To provide some context as to how I even ended up at this high school camp, I must first dial back this story a few years: A few months into my college experience I got invited to a church service. Hesitantly, I attended—with the only basis of my compliance being the fact that my best friend, Makenna, was going. This service was different. There was something much more attractive and enticing about it than anything I had been apart of before. Perhaps the most gripping component of this experience was the amazing sense of community that radiated from each conversation I had that night. You could say that this was an evening that changed the trajectory of my life. Up until this moment I had been lacking motivation, focus, and purpose—but as I established and rooted myself within this community, I found all of those things begin to flourish within me. And through a beautifully blurred sequence of events that are too long to list here, I began to get involved with this churches youth ministry.

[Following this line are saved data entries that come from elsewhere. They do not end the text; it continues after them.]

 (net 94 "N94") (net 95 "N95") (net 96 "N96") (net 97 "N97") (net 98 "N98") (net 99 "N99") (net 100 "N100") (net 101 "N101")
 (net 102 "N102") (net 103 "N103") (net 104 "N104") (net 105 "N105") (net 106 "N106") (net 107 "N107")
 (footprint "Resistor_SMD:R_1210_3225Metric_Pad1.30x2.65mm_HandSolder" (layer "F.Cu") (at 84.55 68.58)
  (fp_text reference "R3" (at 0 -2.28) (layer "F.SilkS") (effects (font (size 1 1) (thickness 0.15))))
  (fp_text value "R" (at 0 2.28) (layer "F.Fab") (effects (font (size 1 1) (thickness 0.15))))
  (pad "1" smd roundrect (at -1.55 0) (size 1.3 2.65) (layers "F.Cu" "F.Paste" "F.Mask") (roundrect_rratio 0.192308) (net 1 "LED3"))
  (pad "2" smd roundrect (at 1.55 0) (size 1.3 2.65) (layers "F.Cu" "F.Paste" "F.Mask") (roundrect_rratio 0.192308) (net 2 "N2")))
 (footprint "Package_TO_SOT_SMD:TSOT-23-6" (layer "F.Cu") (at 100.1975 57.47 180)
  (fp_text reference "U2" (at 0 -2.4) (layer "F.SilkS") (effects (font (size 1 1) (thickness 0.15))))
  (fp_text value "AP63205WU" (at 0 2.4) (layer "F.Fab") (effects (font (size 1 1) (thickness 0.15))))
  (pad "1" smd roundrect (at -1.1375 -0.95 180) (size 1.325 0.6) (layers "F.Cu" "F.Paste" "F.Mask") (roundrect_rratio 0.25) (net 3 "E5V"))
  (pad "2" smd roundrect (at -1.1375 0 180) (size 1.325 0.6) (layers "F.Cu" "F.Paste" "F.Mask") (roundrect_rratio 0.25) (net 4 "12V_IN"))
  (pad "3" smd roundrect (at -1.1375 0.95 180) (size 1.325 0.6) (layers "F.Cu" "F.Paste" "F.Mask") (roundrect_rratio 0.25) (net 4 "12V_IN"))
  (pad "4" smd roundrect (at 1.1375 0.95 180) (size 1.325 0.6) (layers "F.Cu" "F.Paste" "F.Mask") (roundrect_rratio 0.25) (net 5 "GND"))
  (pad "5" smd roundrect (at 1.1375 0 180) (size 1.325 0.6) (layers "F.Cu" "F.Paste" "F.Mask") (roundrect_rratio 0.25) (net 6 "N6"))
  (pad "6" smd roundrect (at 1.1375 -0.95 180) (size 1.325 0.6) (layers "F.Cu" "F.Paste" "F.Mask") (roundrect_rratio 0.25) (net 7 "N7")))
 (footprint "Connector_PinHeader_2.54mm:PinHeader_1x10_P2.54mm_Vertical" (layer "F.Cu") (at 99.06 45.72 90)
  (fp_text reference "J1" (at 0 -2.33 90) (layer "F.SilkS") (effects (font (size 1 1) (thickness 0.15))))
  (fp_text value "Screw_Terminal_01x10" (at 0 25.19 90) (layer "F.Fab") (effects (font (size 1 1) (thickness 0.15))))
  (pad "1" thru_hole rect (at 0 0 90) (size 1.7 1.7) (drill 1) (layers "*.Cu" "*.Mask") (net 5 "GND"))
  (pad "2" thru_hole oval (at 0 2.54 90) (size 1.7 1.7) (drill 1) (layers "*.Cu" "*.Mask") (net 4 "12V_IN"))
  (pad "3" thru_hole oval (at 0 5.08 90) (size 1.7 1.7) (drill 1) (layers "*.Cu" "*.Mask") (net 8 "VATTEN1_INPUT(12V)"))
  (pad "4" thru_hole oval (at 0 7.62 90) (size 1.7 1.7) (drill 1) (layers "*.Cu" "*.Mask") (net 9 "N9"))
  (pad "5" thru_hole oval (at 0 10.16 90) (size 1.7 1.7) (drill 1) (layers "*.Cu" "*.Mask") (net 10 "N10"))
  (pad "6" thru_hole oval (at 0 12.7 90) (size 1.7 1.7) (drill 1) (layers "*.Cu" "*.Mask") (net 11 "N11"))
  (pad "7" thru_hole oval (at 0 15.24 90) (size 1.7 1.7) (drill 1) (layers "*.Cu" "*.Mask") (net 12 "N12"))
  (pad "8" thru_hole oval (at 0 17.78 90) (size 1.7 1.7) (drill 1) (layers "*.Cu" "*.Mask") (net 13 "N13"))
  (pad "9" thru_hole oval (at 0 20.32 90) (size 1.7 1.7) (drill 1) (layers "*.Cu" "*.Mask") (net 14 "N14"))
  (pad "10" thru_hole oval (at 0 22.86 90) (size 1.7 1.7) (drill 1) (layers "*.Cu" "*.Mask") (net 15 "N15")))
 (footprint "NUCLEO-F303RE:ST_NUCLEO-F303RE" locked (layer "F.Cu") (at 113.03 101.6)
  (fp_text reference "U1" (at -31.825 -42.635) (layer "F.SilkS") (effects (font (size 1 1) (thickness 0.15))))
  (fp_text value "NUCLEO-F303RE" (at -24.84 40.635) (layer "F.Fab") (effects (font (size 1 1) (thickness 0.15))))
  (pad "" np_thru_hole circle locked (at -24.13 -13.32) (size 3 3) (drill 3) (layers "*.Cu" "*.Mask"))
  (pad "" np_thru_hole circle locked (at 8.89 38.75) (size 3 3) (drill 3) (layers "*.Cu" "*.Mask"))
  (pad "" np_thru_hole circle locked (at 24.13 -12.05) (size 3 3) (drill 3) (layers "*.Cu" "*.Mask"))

Fast-forward a few years and there I stand with my team at this high school summer camp. I wasn’t there as an attendee, but a leader. Who would of thought? If three years prior you would have told me that’s how I would be spending the summer leading up to my senior year of college, I would have laughed. But now, I unapologetically admit that I would not change it for the world. Not only has it been the most rewarding experience to be a positive influence in these kid’s lives, but they have also had a profound impact on me.

The last night of this camp is one that changed me. I talked with a few girls that I clicked really well with throughout this camp, and they began to open up to me. With each word they stated, I realized that they were currently going through many of the struggles that I had too experienced in my high school years—feelings of insecurity, inadequacy, fear of what the future might hold, feeling left out in social circles, trying to establish a sense of identity, and challenging family circumstances to name a few. As these conversations took place, I was overwhelmed at how much I related to them. I felt like I was talking to my sixteen-year-old self. My heart broke with compassion, as I just wanted them to know and understand all that the past five years had taught me. It was at that moment that an overwhelming realization came over me that I was in these girls lives to be a voice of encouragement—one that instills confidence when the majority of voices in their lives would promote insecurity.

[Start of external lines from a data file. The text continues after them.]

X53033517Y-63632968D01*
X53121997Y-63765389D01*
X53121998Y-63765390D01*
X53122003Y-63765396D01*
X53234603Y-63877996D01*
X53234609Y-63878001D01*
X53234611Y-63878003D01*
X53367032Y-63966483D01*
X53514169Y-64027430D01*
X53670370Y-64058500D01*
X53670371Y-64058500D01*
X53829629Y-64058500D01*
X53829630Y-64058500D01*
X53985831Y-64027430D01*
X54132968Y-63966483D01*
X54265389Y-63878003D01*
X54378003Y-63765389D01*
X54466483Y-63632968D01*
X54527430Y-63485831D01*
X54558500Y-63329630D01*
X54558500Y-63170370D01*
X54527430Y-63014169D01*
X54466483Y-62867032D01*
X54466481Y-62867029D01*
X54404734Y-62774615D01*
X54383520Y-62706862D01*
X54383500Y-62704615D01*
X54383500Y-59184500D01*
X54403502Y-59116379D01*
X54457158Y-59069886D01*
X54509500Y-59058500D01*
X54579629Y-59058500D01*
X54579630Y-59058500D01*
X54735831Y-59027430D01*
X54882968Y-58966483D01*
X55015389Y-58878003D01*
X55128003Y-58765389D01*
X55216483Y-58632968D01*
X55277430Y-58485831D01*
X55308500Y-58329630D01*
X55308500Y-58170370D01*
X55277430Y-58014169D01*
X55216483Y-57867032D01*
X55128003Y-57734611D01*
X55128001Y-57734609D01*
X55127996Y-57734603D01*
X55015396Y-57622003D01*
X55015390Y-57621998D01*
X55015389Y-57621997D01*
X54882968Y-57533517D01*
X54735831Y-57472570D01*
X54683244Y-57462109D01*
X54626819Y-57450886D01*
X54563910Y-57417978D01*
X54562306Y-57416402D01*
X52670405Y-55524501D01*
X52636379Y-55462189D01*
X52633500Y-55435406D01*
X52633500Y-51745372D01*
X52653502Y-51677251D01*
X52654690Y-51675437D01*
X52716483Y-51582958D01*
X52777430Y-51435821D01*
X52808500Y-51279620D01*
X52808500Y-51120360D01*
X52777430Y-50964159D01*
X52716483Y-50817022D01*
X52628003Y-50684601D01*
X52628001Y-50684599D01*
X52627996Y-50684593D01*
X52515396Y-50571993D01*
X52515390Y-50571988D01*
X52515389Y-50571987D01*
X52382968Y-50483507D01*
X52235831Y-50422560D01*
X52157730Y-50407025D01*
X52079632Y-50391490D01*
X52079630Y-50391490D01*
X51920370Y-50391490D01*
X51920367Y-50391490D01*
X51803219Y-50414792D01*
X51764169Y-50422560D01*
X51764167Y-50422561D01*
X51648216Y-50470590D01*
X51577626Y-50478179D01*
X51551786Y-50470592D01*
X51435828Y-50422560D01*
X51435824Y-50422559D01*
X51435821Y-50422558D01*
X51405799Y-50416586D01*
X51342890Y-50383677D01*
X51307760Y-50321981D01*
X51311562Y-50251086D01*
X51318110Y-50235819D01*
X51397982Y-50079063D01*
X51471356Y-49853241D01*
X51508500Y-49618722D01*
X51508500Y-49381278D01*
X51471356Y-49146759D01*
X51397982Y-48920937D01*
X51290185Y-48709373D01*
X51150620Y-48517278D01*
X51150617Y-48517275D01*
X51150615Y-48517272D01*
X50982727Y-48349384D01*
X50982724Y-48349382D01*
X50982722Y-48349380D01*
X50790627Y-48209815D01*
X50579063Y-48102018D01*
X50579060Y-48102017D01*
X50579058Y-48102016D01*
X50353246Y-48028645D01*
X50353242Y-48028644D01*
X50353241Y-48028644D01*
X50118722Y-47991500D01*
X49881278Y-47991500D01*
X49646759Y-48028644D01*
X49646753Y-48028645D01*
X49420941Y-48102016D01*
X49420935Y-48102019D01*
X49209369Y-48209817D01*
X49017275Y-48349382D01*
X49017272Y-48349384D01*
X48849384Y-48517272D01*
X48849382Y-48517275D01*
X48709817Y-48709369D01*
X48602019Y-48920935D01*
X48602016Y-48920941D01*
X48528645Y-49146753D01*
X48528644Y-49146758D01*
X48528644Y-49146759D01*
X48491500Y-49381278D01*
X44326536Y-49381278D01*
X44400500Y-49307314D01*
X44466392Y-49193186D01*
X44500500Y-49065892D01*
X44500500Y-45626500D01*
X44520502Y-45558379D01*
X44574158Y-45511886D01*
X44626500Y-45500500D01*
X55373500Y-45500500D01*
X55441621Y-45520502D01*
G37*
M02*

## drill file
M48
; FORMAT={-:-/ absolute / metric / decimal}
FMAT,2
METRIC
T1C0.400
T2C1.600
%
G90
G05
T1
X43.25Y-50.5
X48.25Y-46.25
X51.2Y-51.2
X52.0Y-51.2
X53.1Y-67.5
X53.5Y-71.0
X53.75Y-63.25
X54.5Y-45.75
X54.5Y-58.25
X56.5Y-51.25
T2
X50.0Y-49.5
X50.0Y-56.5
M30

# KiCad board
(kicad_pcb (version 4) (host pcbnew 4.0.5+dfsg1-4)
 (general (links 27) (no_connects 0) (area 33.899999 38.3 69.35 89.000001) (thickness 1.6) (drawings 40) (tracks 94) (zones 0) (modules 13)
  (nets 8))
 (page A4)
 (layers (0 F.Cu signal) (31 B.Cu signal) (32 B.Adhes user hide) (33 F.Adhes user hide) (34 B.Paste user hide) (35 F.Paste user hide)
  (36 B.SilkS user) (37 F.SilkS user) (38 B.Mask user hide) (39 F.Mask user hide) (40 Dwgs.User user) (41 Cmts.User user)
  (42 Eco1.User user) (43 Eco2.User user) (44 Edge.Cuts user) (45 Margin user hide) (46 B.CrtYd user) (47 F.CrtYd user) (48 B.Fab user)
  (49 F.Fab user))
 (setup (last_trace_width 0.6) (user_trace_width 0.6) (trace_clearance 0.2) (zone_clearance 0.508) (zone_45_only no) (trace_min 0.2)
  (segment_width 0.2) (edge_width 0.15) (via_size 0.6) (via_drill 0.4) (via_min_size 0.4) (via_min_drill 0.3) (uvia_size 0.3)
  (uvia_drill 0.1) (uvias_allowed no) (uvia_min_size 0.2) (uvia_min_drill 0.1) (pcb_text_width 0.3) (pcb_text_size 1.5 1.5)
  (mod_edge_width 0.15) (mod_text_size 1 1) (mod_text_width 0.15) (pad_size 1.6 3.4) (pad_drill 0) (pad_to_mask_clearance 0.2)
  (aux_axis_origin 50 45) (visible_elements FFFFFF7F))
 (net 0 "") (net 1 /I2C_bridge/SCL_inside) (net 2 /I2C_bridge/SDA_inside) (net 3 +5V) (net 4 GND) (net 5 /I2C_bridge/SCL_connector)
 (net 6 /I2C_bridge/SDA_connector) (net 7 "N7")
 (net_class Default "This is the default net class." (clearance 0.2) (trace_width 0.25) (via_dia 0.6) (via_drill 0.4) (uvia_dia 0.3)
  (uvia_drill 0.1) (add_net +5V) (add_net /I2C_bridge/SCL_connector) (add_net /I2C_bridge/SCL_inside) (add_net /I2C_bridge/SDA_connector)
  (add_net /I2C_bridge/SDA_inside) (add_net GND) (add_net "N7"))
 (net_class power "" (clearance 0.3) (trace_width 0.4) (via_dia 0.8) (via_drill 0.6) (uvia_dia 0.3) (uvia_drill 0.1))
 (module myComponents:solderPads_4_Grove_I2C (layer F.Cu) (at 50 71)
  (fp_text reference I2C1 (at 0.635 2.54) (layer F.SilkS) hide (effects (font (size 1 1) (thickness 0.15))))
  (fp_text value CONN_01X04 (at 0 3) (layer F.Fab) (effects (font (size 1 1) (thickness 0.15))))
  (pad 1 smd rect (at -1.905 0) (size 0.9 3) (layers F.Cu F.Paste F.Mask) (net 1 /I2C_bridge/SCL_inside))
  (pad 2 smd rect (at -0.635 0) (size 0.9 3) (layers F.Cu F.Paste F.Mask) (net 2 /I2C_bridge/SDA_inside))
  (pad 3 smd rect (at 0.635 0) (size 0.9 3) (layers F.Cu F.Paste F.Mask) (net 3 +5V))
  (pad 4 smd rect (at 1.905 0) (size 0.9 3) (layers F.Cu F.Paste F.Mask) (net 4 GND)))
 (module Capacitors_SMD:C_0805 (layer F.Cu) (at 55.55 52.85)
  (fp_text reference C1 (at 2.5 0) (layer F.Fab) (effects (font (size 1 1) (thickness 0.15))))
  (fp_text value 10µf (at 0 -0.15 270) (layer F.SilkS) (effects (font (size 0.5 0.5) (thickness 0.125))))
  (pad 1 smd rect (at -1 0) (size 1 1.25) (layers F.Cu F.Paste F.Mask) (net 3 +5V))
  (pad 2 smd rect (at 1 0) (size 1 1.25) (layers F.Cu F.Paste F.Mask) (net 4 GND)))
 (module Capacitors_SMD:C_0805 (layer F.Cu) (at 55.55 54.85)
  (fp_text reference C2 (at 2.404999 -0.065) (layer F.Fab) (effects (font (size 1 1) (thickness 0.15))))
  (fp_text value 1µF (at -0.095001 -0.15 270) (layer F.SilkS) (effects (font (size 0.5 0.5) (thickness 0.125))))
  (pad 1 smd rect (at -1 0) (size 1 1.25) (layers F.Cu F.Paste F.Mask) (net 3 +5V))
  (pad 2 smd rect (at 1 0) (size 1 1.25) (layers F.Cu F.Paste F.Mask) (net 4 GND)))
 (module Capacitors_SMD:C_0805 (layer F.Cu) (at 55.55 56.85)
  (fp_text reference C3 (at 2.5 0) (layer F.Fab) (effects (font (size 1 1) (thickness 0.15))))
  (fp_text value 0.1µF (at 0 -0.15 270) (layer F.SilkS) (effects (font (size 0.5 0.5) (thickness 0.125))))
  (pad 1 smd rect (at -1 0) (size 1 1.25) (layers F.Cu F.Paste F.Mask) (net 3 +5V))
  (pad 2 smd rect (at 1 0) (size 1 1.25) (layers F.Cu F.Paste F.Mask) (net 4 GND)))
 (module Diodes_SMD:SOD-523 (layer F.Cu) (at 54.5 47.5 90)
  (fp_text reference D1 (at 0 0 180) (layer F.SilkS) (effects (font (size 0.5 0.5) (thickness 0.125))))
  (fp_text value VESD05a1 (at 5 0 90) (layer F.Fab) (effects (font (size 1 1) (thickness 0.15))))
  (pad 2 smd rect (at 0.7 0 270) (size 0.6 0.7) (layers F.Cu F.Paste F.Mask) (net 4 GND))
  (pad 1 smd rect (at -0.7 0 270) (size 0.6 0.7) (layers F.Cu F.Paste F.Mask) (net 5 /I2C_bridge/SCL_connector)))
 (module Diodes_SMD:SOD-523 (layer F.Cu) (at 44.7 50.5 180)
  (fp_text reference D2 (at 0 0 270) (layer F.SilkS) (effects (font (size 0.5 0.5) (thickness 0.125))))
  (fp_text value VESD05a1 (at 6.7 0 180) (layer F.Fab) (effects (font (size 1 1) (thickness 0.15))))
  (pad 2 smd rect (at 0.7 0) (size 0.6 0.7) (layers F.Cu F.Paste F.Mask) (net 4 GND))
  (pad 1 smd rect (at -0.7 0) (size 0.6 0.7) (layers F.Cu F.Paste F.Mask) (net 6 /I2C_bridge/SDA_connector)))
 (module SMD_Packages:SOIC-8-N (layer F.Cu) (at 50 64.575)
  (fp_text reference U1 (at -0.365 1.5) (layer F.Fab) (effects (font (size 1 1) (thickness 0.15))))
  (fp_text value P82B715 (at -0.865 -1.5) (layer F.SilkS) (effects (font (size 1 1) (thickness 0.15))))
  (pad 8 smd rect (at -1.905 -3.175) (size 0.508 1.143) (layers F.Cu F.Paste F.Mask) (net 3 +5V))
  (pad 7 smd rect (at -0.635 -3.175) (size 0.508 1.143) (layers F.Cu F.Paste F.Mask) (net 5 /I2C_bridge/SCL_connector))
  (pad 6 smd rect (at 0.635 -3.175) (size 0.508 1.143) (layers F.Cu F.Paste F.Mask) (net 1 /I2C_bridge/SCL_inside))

There is something about knowing that someone looks up to you that motivates you to live at a higher standard than you normally would. Whenever I am faced with a situation where I can tell that my conscience is uncertain as to what I should do, all that I have to do is consider the girls that I am leading. When I am tempted to slack in school, I am reminded that I tell these girls that they should always try their best—and instantly, my conviction is recalibrated. When I am tempted to give in to gossip and engage in conversations I know I have no business being apart of, I simply consider all I’ve ever told these girls about being kind to one another—and instantly, I have the willpower to keep quiet. If I am to be transparent, I know I am supposed to be their leader, but they have quite truthfully led me in more ways than I could ever accurately communicate. The sense of accountability I feel towards these girls has been one so strong that it has impacted the depths of my integrity, and in fact—every facet of my life.

-AA

“My beloved friends, let us continue to love each other since love comes from God.”